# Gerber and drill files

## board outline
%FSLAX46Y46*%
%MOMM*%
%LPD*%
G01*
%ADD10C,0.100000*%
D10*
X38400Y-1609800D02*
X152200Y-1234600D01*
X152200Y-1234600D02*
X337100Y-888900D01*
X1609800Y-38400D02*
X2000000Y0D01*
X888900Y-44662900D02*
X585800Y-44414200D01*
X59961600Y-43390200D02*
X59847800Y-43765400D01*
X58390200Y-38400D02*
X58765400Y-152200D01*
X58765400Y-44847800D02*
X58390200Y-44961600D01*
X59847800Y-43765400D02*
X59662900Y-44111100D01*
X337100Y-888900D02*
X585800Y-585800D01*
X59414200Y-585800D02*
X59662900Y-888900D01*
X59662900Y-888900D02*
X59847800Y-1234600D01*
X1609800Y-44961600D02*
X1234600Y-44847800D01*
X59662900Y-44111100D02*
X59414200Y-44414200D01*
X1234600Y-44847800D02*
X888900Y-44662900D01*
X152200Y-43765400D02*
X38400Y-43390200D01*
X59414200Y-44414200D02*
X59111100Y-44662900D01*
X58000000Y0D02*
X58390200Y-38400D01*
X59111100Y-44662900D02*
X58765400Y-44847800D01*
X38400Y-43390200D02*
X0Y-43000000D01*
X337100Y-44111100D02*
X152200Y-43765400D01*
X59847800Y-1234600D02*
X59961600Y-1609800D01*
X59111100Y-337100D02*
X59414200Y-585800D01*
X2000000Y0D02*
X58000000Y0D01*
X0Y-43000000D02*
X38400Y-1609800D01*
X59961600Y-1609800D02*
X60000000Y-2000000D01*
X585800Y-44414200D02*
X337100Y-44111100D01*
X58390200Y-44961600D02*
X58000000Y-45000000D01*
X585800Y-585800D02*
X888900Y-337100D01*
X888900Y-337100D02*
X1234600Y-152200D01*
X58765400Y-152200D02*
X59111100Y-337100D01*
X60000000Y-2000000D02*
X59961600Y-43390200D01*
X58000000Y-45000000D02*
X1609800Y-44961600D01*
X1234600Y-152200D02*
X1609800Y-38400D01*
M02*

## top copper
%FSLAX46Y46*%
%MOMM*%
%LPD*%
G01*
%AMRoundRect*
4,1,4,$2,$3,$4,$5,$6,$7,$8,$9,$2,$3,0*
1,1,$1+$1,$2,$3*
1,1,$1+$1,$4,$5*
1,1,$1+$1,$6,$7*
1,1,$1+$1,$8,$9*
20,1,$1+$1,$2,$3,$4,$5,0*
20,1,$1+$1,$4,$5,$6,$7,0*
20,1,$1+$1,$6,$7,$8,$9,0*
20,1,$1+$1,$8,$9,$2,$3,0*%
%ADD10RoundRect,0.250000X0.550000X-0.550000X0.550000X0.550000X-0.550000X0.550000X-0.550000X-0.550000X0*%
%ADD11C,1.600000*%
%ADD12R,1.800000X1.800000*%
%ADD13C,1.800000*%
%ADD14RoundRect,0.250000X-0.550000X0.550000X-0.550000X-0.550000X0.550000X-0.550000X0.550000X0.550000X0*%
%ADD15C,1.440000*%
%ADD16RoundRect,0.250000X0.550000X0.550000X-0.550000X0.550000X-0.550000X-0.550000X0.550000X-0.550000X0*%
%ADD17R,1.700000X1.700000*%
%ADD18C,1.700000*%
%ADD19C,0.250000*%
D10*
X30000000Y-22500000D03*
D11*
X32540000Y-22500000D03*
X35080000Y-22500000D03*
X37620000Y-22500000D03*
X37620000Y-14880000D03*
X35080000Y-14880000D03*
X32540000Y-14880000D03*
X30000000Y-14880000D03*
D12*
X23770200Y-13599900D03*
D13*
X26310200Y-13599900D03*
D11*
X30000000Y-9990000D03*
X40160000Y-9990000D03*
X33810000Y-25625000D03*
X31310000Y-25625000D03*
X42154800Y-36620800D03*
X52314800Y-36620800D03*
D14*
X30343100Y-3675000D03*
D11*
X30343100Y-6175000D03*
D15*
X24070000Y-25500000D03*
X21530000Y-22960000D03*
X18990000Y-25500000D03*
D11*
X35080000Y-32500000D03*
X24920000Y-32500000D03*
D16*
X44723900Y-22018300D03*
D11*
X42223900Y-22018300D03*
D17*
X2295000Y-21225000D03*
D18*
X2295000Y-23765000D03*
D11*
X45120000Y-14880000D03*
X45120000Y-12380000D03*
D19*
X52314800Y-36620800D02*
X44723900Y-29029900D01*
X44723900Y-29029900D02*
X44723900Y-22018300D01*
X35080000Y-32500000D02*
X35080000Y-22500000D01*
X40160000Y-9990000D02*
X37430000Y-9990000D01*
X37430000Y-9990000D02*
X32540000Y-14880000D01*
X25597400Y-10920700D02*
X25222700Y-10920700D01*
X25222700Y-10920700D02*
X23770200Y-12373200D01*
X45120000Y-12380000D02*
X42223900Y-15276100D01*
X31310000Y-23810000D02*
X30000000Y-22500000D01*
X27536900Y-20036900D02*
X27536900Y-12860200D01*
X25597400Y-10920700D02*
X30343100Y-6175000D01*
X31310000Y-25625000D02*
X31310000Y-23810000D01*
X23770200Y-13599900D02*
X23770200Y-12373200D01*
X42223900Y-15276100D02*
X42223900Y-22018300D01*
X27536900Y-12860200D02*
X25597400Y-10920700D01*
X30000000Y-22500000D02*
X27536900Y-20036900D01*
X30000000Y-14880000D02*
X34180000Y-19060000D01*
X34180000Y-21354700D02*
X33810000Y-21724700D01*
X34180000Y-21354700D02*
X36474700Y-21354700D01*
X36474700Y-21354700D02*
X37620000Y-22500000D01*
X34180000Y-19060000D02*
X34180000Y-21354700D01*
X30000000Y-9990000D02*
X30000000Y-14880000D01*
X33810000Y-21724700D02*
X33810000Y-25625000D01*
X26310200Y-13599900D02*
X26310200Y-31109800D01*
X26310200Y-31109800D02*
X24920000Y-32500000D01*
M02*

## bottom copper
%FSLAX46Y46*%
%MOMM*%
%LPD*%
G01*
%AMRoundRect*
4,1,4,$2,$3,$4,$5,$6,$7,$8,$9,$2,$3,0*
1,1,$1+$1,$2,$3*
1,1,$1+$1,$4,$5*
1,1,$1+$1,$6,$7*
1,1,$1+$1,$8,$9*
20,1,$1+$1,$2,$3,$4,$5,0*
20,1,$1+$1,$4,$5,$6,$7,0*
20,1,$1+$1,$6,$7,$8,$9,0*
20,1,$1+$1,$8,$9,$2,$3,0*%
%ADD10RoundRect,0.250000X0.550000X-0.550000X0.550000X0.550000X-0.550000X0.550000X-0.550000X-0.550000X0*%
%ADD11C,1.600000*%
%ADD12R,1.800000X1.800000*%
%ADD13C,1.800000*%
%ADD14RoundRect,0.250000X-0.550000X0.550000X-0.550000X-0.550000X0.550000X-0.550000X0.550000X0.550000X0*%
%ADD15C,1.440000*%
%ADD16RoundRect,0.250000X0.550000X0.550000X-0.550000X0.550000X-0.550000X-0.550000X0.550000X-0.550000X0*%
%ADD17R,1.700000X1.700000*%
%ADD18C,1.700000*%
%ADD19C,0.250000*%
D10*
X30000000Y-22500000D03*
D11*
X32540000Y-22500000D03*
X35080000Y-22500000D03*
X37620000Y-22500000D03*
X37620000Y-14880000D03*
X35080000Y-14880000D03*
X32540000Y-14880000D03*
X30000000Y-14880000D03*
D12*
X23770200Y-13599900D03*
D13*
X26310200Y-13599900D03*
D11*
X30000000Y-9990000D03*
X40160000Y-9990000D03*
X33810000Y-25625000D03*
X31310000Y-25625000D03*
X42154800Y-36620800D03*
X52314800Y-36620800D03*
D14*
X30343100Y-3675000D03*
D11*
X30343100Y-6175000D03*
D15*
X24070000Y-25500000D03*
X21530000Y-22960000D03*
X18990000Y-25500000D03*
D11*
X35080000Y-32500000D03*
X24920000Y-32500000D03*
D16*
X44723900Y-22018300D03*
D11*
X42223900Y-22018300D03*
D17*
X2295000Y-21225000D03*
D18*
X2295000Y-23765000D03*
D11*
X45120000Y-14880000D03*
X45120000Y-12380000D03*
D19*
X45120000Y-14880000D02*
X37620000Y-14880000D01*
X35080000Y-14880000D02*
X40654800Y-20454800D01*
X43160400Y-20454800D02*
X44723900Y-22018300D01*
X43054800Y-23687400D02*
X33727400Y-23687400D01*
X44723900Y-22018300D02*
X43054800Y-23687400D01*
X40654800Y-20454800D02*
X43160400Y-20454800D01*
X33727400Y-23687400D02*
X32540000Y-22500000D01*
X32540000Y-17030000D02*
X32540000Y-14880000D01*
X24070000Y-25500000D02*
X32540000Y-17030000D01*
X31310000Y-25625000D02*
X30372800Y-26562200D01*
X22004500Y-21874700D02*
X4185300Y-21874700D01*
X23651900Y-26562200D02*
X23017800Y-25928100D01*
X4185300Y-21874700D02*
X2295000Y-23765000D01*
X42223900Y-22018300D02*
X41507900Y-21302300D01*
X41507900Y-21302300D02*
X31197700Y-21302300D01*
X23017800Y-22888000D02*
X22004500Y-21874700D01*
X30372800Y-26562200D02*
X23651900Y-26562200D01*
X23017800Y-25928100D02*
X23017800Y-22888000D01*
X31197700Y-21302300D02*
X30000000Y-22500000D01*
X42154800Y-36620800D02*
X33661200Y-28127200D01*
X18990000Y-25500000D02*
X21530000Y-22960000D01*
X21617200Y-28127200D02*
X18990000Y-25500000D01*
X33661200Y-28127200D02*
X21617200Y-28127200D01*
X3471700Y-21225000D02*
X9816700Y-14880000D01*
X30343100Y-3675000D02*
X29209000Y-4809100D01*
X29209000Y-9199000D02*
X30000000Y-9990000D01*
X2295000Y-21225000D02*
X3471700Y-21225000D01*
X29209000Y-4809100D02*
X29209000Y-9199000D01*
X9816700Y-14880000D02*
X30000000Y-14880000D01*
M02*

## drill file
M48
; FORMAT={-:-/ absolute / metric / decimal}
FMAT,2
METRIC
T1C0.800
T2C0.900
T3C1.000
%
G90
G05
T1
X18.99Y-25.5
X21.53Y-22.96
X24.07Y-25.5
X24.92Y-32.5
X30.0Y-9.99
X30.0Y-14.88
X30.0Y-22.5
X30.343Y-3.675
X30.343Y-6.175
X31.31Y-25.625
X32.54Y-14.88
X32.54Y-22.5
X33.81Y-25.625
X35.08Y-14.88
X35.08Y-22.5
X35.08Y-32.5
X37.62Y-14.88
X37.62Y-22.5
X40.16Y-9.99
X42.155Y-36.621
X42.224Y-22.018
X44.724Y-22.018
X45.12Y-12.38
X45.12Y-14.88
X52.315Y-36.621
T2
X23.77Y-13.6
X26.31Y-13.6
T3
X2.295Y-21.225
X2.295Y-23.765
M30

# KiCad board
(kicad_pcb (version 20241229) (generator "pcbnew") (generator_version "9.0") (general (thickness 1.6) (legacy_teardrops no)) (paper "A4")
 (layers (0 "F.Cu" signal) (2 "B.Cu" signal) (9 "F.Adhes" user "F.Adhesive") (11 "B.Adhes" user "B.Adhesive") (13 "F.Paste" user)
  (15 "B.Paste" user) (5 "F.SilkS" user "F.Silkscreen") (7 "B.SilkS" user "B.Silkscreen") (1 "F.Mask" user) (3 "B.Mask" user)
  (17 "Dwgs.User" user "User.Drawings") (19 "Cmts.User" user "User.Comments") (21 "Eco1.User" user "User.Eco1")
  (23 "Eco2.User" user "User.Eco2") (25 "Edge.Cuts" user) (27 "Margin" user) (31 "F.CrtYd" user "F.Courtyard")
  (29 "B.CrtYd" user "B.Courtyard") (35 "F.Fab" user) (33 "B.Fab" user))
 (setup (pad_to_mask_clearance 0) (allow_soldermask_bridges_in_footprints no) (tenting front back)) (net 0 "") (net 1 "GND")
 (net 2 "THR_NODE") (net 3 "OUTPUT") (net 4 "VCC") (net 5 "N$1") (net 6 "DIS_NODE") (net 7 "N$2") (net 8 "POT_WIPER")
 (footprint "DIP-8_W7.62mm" (layer "F.Cu") (at 30 22.5 90)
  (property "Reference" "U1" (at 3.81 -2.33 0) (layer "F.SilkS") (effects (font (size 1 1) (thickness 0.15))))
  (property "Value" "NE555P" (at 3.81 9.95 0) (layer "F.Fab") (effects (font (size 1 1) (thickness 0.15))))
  (pad "1" thru_hole roundrect (at 0 0 90) (size 1.6 1.6) (drill 0.8) (layers "*.Cu" "*.Mask") (remove_unused_layers no)
   (roundrect_rratio 0.15625) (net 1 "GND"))
  (pad "2" thru_hole circle (at 0 2.54 90) (size 1.6 1.6) (drill 0.8) (layers "*.Cu" "*.Mask") (remove_unused_layers no) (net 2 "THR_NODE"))
  (pad "3" thru_hole circle (at 0 5.08 90) (size 1.6 1.6) (drill 0.8) (layers "*.Cu" "*.Mask") (remove_unused_layers no) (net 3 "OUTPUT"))
  (pad "4" thru_hole circle (at 0 7.62 90) (size 1.6 1.6) (drill 0.8) (layers "*.Cu" "*.Mask") (remove_unused_layers no) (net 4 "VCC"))
  (pad "5" thru_hole circle (at 7.62 7.62 90) (size 1.6 1.6) (drill 0.8) (layers "*.Cu" "*.Mask") (remove_unused_layers no) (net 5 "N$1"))
  (pad "6" thru_hole circle (at 7.62 5.08 90) (size 1.6 1.6) (drill 0.8) (layers "*.Cu" "*.Mask") (remove_unused_layers no)
   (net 2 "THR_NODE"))
  (pad "7" thru_hole circle (at 7.62 2.54 90) (size 1.6 1.6) (drill 0.8) (layers "*.Cu" "*.Mask") (remove_unused_layers no)
   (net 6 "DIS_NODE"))
  (pad "8" thru_hole circle (at 7.62 0 90) (size 1.6 1.6) (drill 0.8) (layers "*.Cu" "*.Mask") (remove_unused_layers no) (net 4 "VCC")))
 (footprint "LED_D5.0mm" (layer "F.Cu") (at 23.7702 13.5999)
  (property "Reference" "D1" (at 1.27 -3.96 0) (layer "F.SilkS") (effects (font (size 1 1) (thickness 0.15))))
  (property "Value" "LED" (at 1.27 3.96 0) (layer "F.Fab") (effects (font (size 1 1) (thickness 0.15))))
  (pad "1" thru_hole rect (at 0 0) (size 1.8 1.8) (drill 0.9) (layers "*.Cu" "*.Mask") (remove_unused_layers no) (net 1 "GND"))
  (pad "2" thru_hole circle (at 2.54 0) (size 1.8 1.8) (drill 0.9) (layers "*.Cu" "*.Mask") (remove_unused_layers no) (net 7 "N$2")))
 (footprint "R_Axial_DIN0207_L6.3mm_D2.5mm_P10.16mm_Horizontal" (layer "F.Cu") (at 30 9.99)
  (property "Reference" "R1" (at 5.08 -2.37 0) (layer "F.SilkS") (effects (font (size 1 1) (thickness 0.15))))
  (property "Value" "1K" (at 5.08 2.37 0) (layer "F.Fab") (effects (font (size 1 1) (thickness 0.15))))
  (pad "1" thru_hole circle (at 0 0) (size 1.6 1.6) (drill 0.8) (layers "*.Cu" "*.Mask") (remove_unused_layers no) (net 4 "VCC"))
  (pad "2" thru_hole circle (at 10.16 0) (size 1.6 1.6) (drill 0.8) (layers "*.Cu" "*.Mask") (remove_unused_layers no) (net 6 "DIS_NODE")))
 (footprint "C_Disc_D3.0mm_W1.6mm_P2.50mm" (layer "F.Cu") (at 33.81 25.625 180)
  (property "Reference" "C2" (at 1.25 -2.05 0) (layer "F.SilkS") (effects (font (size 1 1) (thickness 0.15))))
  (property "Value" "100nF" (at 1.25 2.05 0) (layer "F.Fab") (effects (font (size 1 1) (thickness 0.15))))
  (pad "1" thru_hole circle (at 0 0 180) (size 1.6 1.6) (drill 0.8) (layers "*.Cu" "*.Mask") (remove_unused_layers no) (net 4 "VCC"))
  (pad "2" thru_hole circle (at 2.5 0 180) (size 1.6 1.6) (drill 0.8) (layers "*.Cu" "*.Mask") (remove_unused_layers no) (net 1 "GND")))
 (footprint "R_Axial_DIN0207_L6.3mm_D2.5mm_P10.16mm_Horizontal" (layer "F.Cu") (at 42.1548 36.6208)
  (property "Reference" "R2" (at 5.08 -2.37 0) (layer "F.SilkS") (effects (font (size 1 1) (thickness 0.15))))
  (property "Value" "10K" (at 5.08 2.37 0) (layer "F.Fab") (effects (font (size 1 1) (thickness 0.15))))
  (pad "1" thru_hole circle (at 0 0) (size 1.6 1.6) (drill 0.8) (layers "*.Cu" "*.Mask") (remove_unused_layers no) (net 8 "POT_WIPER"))
  (pad "2" thru_hole circle (at 10.16 0) (size 1.6 1.6) (drill 0.8) (layers "*.Cu" "*.Mask") (remove_unused_layers no) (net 2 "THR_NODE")))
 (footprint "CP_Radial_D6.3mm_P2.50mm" (layer "F.Cu") (at 30.3431 3.675 -90)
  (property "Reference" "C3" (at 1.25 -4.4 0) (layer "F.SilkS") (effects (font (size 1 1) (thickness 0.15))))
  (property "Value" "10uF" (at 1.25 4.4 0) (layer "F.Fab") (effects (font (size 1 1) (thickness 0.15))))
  (pad "1" thru_hole roundrect (at 0 0 270) (size 1.6 1.6) (drill 0.8) (layers "*.Cu" "*.Mask") (remove_unused_layers no)
   (roundrect_rratio 0.15625) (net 4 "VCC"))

#### What to work on
Return only the lines spanning from the first line of the material through the line with "X152200Y-43765400D01*", copied exactly, both ends kept.

#### Exercise response
# Gerber and drill files

## board outline
%FSLAX46Y46*%
%MOMM*%
%LPD*%
G01*
%ADD10C,0.100000*%
D10*
X38400Y-1609800D02*
X152200Y-1234600D01*
X152200Y-1234600D02*
X337100Y-888900D01*
X1609800Y-38400D02*
X2000000Y0D01*
X888900Y-44662900D02*
X585800Y-44414200D01*
X59961600Y-43390200D02*
X59847800Y-43765400D01*
X58390200Y-38400D02*
X58765400Y-152200D01*
X58765400Y-44847800D02*
X58390200Y-44961600D01*
X59847800Y-43765400D02*
X59662900Y-44111100D01*
X337100Y-888900D02*
X585800Y-585800D01*
X59414200Y-585800D02*
X59662900Y-888900D01*
X59662900Y-888900D02*
X59847800Y-1234600D01*
X1609800Y-44961600D02*
X1234600Y-44847800D01*
X59662900Y-44111100D02*
X59414200Y-44414200D01*
X1234600Y-44847800D02*
X888900Y-44662900D01*
X152200Y-43765400D02*
X38400Y-43390200D01*
X59414200Y-44414200D02*
X59111100Y-44662900D01*
X58000000Y0D02*
X58390200Y-38400D01*
X59111100Y-44662900D02*
X58765400Y-44847800D01*
X38400Y-43390200D02*
X0Y-43000000D01*
X337100Y-44111100D02*
X152200Y-43765400D01*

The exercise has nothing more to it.